Eventually, the emotional abuse and control escalated and left her wounded and concussed, she said.

After that, leaving the person was a difficult road. But today, Veronesi is working toward healing and building her future.

She has started running again and enrolled in college courses to pursue a career in criminal justice, with plans to attend the University of New Haven starting next year.

“I believe we can take our worst moments and use them to become our best selves,” she said.

Part of that journey, the teen said, includes sharing her story in hopes of inspiring other survivors or their loved ones to speak up and ask for help.

Surrounded by state leaders and domestic violence advocates, Veronesi said Tuesday she wants her story to show other teens they aren’t alone and to help parents understand how to help and support their teens.

“I think parents are a big part of it,” said Veronesi, who said she wishes her parents or the boy’s parents would have stepped in during their relationship.

“To all parents of teens or soon-to-be teenagers, please check in on your kids if they’re starting to enter the dating world,” she said, imploring parents to teach their teenagers that their lives, their interests, their education, their futures, are all more important than their first all-encompassing young love.

“I wish that someone would have opened my eyes,” she said.

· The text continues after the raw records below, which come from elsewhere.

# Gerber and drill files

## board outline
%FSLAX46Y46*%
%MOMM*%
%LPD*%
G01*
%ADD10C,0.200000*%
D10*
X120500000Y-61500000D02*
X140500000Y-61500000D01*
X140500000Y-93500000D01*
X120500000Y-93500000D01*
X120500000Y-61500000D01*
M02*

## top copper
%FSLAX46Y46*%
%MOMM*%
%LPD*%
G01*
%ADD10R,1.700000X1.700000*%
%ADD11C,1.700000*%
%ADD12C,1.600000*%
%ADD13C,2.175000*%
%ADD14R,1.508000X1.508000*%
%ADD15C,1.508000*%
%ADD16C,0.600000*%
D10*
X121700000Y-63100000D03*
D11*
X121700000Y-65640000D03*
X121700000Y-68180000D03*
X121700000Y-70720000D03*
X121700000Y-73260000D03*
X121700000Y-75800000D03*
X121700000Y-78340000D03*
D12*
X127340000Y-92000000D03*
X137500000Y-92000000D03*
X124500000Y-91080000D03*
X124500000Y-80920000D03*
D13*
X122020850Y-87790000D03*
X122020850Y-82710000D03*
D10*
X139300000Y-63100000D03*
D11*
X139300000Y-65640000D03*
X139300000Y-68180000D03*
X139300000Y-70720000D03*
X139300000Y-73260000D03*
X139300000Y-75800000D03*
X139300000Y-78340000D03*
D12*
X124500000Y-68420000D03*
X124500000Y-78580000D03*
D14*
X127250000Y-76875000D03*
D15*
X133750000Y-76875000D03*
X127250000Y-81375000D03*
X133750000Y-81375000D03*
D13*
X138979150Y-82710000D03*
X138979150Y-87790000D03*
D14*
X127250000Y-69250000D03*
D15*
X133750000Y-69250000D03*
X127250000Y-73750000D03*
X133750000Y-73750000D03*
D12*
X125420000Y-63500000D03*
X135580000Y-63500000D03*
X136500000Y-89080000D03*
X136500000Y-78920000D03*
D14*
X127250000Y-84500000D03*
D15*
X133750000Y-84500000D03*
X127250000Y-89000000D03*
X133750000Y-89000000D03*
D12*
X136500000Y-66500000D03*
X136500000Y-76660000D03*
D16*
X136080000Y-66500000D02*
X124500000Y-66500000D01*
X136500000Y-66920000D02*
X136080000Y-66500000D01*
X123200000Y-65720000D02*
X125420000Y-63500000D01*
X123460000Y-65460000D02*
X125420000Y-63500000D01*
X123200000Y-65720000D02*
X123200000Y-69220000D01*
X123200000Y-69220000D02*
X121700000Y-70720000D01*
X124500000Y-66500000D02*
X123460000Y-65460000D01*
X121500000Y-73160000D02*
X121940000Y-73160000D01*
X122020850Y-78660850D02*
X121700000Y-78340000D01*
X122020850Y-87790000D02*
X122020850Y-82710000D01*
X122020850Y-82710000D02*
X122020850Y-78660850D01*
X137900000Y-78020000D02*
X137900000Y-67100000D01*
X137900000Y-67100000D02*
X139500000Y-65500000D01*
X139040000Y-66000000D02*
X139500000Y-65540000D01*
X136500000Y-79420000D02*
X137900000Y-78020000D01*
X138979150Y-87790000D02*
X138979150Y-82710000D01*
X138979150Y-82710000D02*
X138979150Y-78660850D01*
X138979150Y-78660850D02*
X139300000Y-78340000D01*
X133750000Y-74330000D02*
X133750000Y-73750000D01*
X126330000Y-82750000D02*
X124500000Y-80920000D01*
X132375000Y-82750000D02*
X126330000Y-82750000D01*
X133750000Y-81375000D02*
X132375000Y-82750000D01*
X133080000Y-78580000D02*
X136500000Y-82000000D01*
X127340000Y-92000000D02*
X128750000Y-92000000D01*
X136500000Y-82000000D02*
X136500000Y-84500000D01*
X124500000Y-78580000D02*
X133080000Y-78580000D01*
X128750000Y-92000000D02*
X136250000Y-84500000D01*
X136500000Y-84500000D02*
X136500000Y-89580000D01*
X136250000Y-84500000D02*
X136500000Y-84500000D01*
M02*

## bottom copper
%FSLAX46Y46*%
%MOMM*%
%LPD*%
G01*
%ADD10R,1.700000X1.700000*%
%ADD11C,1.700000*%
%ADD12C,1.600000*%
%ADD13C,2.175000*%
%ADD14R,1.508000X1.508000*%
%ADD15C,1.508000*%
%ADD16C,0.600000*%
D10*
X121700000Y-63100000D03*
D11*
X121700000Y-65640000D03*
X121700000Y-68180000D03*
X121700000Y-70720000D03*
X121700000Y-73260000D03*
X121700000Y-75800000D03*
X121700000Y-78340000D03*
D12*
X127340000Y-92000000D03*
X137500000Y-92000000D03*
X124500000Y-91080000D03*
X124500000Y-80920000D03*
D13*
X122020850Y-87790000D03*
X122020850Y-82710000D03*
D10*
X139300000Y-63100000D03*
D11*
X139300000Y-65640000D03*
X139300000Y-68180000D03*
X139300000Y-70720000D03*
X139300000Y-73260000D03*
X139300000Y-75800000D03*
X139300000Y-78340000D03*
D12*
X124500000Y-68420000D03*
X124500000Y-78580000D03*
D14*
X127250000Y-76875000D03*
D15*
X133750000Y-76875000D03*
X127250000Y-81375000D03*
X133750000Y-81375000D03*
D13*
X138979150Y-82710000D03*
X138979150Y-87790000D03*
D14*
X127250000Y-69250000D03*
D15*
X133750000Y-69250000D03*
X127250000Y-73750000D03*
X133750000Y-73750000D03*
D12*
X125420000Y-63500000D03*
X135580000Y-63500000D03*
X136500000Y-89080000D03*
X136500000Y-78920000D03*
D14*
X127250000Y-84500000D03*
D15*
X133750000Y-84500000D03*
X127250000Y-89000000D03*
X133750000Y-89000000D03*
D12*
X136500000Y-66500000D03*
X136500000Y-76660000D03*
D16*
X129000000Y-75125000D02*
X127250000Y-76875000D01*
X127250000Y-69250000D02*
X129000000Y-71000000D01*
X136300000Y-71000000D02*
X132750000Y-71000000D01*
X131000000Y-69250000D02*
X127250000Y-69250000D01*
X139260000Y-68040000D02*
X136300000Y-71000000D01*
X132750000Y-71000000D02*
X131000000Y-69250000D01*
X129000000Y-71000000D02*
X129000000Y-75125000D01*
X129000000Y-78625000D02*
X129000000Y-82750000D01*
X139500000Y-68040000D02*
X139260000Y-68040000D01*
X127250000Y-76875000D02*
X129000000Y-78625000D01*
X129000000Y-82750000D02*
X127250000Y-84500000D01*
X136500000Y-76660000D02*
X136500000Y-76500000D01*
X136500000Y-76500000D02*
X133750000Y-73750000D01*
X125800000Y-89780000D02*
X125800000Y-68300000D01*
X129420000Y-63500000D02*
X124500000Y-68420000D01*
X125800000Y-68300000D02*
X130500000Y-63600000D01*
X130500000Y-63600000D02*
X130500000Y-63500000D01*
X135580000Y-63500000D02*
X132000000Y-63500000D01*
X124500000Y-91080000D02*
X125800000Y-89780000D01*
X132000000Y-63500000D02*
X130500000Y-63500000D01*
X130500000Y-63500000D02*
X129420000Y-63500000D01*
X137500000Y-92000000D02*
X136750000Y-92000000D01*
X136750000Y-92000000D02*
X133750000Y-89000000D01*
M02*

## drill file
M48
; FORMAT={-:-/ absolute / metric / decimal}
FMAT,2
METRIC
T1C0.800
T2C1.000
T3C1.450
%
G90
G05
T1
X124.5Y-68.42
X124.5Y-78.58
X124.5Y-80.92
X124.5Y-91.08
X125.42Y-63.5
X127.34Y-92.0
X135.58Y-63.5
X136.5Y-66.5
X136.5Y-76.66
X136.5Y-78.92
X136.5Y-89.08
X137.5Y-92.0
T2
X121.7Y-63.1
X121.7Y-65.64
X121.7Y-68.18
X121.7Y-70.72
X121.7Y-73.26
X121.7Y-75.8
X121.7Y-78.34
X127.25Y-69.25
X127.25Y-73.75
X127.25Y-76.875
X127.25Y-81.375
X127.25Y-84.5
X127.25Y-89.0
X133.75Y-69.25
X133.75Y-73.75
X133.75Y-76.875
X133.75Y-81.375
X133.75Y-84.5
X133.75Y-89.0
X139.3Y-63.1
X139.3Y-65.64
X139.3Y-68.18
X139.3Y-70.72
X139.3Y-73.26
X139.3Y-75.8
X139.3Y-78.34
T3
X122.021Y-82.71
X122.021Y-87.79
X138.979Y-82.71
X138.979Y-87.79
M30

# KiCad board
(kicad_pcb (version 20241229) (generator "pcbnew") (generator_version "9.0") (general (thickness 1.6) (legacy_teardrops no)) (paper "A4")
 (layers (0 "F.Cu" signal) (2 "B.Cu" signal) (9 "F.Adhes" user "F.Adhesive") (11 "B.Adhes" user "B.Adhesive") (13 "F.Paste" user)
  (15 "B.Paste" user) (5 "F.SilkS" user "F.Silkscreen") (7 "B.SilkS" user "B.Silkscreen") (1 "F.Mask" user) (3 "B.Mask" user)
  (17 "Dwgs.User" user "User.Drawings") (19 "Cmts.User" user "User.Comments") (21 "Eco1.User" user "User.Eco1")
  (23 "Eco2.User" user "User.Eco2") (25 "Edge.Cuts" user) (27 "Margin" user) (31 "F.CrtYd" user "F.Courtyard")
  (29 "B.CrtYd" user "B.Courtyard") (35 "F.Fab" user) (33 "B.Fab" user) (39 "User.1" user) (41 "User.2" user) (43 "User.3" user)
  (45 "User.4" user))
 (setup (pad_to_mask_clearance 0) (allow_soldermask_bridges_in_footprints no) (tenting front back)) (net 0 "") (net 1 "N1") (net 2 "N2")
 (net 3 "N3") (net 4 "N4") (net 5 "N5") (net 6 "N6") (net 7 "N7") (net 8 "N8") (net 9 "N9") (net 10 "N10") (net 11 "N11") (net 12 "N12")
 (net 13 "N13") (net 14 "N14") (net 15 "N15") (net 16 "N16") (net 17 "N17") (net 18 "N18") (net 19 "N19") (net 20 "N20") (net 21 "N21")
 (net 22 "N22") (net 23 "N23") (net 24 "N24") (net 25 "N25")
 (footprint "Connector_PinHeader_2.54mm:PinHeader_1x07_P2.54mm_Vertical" (layer "F.Cu") (at 121.7 63.1)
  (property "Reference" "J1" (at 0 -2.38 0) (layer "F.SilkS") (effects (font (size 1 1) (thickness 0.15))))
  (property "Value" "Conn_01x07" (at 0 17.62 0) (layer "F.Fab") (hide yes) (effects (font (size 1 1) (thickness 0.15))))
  (pad "1" thru_hole rect (at 0 0) (size 1.7 1.7) (drill 1) (layers "*.Cu" "*.Mask") (remove_unused_layers no) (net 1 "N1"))
  (pad "2" thru_hole circle (at 0 2.54) (size 1.7 1.7) (drill 1) (layers "*.Cu" "*.Mask") (remove_unused_layers no) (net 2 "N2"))
  (pad "3" thru_hole circle (at 0 5.08) (size 1.7 1.7) (drill 1) (layers "*.Cu" "*.Mask") (remove_unused_layers no) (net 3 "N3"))
  (pad "4" thru_hole circle (at 0 7.62) (size 1.7 1.7) (drill 1) (layers "*.Cu" "*.Mask") (remove_unused_layers no) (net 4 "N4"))
  (pad "5" thru_hole circle (at 0 10.16) (size 1.7 1.7) (drill 1) (layers "*.Cu" "*.Mask") (remove_unused_layers no) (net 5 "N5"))
  (pad "6" thru_hole circle (at 0 12.7) (size 1.7 1.7) (drill 1) (layers "*.Cu" "*.Mask") (remove_unused_layers no) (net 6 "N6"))
  (pad "7" thru_hole circle (at 0 15.24) (size 1.7 1.7) (drill 1) (layers "*.Cu" "*.Mask") (remove_unused_layers no) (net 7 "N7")))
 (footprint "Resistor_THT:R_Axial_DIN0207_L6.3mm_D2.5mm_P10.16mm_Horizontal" (layer "F.Cu") (at 127.34 92)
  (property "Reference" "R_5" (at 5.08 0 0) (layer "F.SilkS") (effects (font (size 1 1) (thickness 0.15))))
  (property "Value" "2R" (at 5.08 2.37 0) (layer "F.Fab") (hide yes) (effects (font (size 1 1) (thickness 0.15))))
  (pad "1" thru_hole circle (at 0 0) (size 1.6 1.6) (drill 0.8) (layers "*.Cu" "*.Mask") (remove_unused_layers no) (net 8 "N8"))
  (pad "2" thru_hole circle (at 10.16 0) (size 1.6 1.6) (drill 0.8) (layers "*.Cu" "*.Mask") (remove_unused_layers no) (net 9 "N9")))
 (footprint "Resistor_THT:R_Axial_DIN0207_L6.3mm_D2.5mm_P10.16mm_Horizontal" (layer "F.Cu") (at 124.5 91.08 90)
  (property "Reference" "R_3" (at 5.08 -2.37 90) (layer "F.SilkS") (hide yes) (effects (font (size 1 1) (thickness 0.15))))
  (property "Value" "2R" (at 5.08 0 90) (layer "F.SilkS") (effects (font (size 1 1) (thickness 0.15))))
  (pad "1" thru_hole circle (at 0 0 90) (size 1.6 1.6) (drill 0.8) (layers "*.Cu" "*.Mask") (remove_unused_layers no) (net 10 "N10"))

During Tuesday’s event at the Capitol, Interval House board member Charon Smalls said that as a school social worker, father and husband, he wants to help teach children, parents and educators alike about the risks of teen dating violence and the importance of creating safe spaces for teenagers.

Providing places for teens to share their experiences, concerns and questions is pivotal to helping them understand healthy behaviors in relationships, he said.

He also hopes adults will set good examples for teens, by instilling self-confidence and self-love into them, and creating strong examples of loving, caring men in their lives.

Speaker of the House Matt Ritter joined advocates Tuesday and said that when he looks at his own daughters, he hopes that they would feel comfortable speaking with him or his wife if they were in trouble or needed guidance, but he recognizes that not all children and teens have safe adult relationships at home.

That’s where organizations like Interval House and organizations like it come into play.

Assuming that teens have parents who can model healthy relationships or recognize the red flags of abuse, he said, “ignores the complicated realities of life.”

But there are resources across Connecticut that can provide those types of support.

“These agencies can step in and fill a void,” he said.

The speaker pledged to prioritize support and funding for the more than a dozen organizations under the Connecticut Coalition Against Domestic Violence umbrella.

Earlier this month, President Joseph R. Biden issued a proclamation recognizing February as National Teen Dating Violence Awareness And Prevention Month and urging Americans to teach teenagers about the difference between healthy and unhealthy dating behaviors.

When we teach teens about healthy, nonviolent relationships, we support their development and create safer, healthier communities for everyone,” the president said in the proclamation.

Biden recognized CDC data that shows that “young women, transgender teens, and gender nonconforming youth are disproportionately affected” by dating violence, which can happen in person, through texting or on social media.

According to the CDC, intimate partner violence includes physical violence, sexual violence, psychological aggression and stalking.

Unhealthy and abusive relationships can have short and long-term impacts on developing teens, including depression and anxiety, addictive behaviors, violence and suicidal ideations. Adolescent relationships also set the stage for future relationships, the CDC said.

If you or someone you know is experiencing domestic violence, free and confidential resources are available 24/7 by calling or texting the CTSafeConnect hotline at 888-774-2900 or the National Domestic Violence hotline at 800-799-7233.